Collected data

/---

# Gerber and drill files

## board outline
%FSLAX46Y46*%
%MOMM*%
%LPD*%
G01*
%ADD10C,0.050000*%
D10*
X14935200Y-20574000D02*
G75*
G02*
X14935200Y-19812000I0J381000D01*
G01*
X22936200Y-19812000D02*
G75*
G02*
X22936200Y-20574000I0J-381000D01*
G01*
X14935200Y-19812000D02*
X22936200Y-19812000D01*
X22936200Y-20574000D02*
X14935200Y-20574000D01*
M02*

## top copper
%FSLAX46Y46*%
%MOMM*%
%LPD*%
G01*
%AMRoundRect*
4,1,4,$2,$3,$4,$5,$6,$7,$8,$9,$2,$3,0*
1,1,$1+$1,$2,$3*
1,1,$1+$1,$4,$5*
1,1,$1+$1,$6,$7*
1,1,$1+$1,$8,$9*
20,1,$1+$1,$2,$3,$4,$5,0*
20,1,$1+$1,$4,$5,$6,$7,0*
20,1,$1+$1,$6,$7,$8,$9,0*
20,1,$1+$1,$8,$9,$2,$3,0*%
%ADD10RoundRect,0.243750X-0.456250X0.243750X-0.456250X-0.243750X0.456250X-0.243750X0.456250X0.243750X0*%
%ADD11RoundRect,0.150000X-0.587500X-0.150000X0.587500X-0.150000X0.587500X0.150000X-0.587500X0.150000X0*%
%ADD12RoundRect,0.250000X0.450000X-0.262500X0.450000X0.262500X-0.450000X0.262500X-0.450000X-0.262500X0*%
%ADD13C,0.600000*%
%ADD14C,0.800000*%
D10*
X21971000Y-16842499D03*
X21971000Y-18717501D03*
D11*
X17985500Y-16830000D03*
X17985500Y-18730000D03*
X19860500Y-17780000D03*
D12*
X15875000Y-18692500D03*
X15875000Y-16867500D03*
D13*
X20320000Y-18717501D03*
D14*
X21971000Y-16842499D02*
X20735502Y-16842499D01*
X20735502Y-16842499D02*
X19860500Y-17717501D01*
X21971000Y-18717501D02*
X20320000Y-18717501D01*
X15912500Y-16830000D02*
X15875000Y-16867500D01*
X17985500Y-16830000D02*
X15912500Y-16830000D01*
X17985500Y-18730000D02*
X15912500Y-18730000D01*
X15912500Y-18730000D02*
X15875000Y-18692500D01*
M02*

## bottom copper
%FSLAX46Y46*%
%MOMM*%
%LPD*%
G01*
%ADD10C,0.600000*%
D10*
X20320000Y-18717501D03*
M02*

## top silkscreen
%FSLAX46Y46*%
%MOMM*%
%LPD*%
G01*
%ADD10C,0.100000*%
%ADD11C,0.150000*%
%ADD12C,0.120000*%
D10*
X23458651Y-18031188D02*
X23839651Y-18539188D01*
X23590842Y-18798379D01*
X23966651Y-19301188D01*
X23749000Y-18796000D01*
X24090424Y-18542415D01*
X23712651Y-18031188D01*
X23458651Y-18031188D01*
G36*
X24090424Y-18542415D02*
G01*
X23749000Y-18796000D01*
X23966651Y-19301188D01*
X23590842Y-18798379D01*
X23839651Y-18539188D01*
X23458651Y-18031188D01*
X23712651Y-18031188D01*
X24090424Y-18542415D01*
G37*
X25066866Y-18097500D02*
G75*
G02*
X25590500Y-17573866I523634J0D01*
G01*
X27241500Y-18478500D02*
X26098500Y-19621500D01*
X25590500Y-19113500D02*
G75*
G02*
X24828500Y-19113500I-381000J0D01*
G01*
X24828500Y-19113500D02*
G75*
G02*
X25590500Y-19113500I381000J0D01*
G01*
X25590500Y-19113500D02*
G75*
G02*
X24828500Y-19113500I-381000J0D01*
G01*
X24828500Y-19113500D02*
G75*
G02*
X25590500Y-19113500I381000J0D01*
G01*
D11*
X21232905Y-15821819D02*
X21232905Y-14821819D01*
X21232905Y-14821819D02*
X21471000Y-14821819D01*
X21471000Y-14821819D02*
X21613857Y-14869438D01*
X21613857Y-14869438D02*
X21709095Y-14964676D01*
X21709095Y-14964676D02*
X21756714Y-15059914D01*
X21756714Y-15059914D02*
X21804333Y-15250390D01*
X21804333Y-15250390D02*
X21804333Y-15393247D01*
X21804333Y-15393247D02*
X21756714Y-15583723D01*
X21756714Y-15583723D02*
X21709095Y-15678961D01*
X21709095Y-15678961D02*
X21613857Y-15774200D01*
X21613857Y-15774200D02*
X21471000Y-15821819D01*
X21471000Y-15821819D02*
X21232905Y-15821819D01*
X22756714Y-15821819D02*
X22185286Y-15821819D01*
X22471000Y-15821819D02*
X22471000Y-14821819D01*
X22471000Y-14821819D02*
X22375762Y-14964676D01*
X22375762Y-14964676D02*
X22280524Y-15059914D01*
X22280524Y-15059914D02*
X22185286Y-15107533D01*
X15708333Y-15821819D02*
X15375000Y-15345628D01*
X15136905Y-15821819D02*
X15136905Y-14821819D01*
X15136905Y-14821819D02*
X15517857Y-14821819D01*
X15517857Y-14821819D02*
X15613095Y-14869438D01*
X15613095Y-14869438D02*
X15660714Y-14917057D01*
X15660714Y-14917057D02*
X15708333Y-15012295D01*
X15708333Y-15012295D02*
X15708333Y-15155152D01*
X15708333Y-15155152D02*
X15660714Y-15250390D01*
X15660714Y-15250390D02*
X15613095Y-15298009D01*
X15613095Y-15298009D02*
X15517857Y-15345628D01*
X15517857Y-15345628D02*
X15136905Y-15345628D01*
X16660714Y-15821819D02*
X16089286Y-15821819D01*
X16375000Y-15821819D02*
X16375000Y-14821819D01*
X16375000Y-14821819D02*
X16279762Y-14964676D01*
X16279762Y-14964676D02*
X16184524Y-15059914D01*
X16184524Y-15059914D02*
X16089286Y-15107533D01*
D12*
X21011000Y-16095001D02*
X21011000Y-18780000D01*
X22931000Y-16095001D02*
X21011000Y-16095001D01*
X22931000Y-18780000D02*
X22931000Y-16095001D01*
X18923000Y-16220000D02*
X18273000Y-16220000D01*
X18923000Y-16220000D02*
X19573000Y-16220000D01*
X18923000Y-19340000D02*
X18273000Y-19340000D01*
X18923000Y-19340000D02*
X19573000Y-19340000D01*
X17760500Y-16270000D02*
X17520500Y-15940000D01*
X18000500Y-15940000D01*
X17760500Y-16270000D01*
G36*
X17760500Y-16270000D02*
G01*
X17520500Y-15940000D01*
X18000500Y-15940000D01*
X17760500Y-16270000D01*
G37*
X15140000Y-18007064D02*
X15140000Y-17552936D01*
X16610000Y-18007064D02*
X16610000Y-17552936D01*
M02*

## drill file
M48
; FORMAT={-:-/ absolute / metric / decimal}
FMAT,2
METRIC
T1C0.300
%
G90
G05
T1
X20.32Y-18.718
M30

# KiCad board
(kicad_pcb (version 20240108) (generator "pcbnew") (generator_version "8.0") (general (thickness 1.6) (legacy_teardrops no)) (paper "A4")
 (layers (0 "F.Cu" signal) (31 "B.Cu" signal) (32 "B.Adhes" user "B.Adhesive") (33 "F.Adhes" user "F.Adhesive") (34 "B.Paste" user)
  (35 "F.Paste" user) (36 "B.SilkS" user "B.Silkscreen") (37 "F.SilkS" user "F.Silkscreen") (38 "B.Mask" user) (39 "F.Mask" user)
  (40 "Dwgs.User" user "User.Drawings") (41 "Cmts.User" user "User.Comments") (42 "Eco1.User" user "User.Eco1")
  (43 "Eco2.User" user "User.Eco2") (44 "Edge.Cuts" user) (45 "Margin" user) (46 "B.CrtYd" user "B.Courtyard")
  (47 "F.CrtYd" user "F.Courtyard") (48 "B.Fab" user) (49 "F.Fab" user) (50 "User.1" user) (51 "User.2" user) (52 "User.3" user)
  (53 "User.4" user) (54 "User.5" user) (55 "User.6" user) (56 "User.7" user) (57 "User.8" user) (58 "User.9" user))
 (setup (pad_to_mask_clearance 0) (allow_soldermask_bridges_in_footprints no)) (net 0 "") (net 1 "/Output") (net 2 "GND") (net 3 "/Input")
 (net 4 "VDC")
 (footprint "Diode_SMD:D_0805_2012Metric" (layer "F.Cu") (at 21.971 17.78 -90)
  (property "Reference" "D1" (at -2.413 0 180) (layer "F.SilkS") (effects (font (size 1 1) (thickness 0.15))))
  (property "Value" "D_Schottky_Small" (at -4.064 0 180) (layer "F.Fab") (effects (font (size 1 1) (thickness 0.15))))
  (fp_line (start -1.684999 0.96) (end 1 0.96) (stroke (width 0.12) (type solid)) (layer "F.SilkS"))
  (fp_line (start -1.684999 -0.96) (end -1.684999 0.96) (stroke (width 0.12) (type solid)) (layer "F.SilkS"))
  (fp_line (start 1 -0.96) (end -1.684999 -0.96) (stroke (width 0.12) (type solid)) (layer "F.SilkS"))
  (pad "1" smd roundrect (at -0.937501 0 270) (size 0.975 1.4) (layers "F.Cu" "F.Paste" "F.Mask") (roundrect_rratio 0.25) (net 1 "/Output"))
  (pad "2" smd roundrect (at 0.937501 0 270) (size 0.975 1.4) (layers "F.Cu" "F.Paste" "F.Mask") (roundrect_rratio 0.25) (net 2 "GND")))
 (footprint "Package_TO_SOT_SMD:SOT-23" (layer "F.Cu") (at 18.923 17.78)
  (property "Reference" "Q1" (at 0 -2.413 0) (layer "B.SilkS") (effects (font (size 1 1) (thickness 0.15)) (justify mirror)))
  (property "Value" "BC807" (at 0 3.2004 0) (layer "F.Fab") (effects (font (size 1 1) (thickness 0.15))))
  (fp_line (start 0 -1.56) (end -0.65 -1.56) (stroke (width 0.12) (type solid)) (layer "F.SilkS"))
  (fp_line (start 0 -1.56) (end 0.65 -1.56) (stroke (width 0.12) (type solid)) (layer "F.SilkS"))
  (fp_line (start 0 1.56) (end -0.65 1.56) (stroke (width 0.12) (type solid)) (layer "F.SilkS"))
  (fp_line (start 0 1.56) (end 0.65 1.56) (stroke (width 0.12) (type solid)) (layer "F.SilkS"))
  (fp_poly
   (pts (xy -1.1625 -1.51) (xy -1.4025 -1.84) (xy -0.9225 -1.84) (xy -1.1625 -1.51)) (stroke (width 0.12) (type solid)) (fill solid)
   (layer "F.SilkS"))
  (pad "1" smd roundrect (at -0.9375 -0.95) (size 1.475 0.6) (layers "F.Cu" "F.Paste" "F.Mask") (roundrect_rratio 0.25) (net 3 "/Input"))
  (pad "2" smd roundrect (at -0.9375 0.95) (size 1.475 0.6) (layers "F.Cu" "F.Paste" "F.Mask") (roundrect_rratio 0.25) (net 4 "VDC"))
  (pad "3" smd roundrect (at 0.9375 0) (size 1.475 0.6) (layers "F.Cu" "F.Paste" "F.Mask") (roundrect_rratio 0.25) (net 1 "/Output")))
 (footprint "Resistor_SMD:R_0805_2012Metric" (layer "F.Cu") (at 15.875 17.78 90)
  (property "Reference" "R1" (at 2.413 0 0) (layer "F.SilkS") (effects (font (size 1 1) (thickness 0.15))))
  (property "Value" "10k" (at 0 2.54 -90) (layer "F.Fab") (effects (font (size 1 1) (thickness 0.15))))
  (fp_line (start -0.227064 -0.735) (end 0.227064 -0.735) (stroke (width 0.12) (type solid)) (layer "F.SilkS"))
  (fp_line (start -0.227064 0.735) (end 0.227064 0.735) (stroke (width 0.12) (type solid)) (layer "F.SilkS"))
  (pad "1" smd roundrect (at -0.9125 0 90) (size 1.025 1.4) (layers "F.Cu" "F.Paste" "F.Mask") (roundrect_rratio 0.243902) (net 4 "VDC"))
  (pad "2" smd roundrect (at 0.9125 0 90) (size 1.025 1.4) (layers "F.Cu" "F.Paste" "F.Mask") (roundrect_rratio 0.243902) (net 3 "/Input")))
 (gr_poly
  (pts (xy 23.458651 18.031188) (xy 23.839651 18.539188) (xy 23.590842 18.798379) (xy 23.966651 19.301188) (xy 23.749 18.796)
   (xy 24.090424 18.542415) (xy 23.712651 18.031188))
  (stroke (width 0.1) (type solid)) (fill solid) (layer "F.SilkS"))
 (gr_arc (start 25.066866 18.0975) (mid 25.220235 17.727235) (end 25.5905 17.573866) (stroke (width 0.1) (type default)) (layer "F.SilkS"))
 (gr_line (start 27.2415 18.4785) (end 26.0985 19.6215) (stroke (width 0.1) (type default)) (layer "F.SilkS"))
 (gr_circle (center 25.2095 19.1135) (end 25.2095 18.7325) (stroke (width 0.1) (type default)) (fill none) (layer "F.SilkS"))
 (gr_circle (center 25.2095 19.1135) (end 25.2095 18.7325) (stroke (width 0.1) (type default)) (fill none) (layer "F.SilkS"))
 (gr_arc (start 14.9352 20.574) (mid 14.5542 20.193) (end 14.9352 19.812) (stroke (width 0.05) (type default)) (layer "Edge.Cuts"))
 (gr_arc (start 22.9362 19.812) (mid 23.3172 20.193) (end 22.9362 20.574) (stroke (width 0.05) (type default)) (layer "Edge.Cuts"))
 (gr_line (start 14.9352 19.812) (end 22.9362 19.812) (stroke (width 0.05) (type default)) (layer "Edge.Cuts"))
 (gr_line (start 22.9362 20.574) (end 14.9352 20.574) (stroke (width 0.05) (type default)) (layer "Edge.Cuts"))
 (segment (start 21.971 16.842499) (end 20.735502 16.842499) (width 0.8) (layer "F.Cu") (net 1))
 (segment (start 20.735502 16.842499) (end 19.8605 17.717501) (width 0.8) (layer "F.Cu") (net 1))
 (segment (start 21.971 18.717501) (end 20.32 18.717501) (width 0.8) (layer "F.Cu") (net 2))
 (via (at 20.32 18.717501) (size 0.6) (drill 0.3) (layers "F.Cu" "B.Cu") (free yes) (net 2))
 (segment (start 15.9125 16.83) (end 15.875 16.8675) (width 0.8) (layer "F.Cu") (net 3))
 (segment (start 17.9855 16.83) (end 15.9125 16.83) (width 0.8) (layer "F.Cu") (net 3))
 (segment (start 17.9855 18.73) (end 15.9125 18.73) (width 0.8) (layer "F.Cu") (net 4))
 (segment (start 15.9125 18.73) (end 15.875 18.6925) (width 0.8) (layer "F.Cu") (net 4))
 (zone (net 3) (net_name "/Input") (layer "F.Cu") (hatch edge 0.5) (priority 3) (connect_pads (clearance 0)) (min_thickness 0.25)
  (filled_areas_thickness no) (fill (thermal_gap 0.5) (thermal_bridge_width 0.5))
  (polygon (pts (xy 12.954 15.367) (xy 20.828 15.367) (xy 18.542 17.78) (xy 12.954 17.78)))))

\---

Work item:
Retype exactly, and only, the lines above from the one where "X15708333Y-15012295D01*" occurs up to and including the one where "X16375000Y-15821819D02*" occurs.

Solution for this exercise:
X15708333Y-15012295D01*
X15708333Y-15012295D02*
X15708333Y-15155152D01*
X15708333Y-15155152D02*
X15660714Y-15250390D01*
X15660714Y-15250390D02*
X15613095Y-15298009D01*
X15613095Y-15298009D02*
X15517857Y-15345628D01*
X15517857Y-15345628D02*
X15136905Y-15345628D01*
X16660714Y-15821819D02*
X16089286Y-15821819D01*
X16375000Y-15821819D02*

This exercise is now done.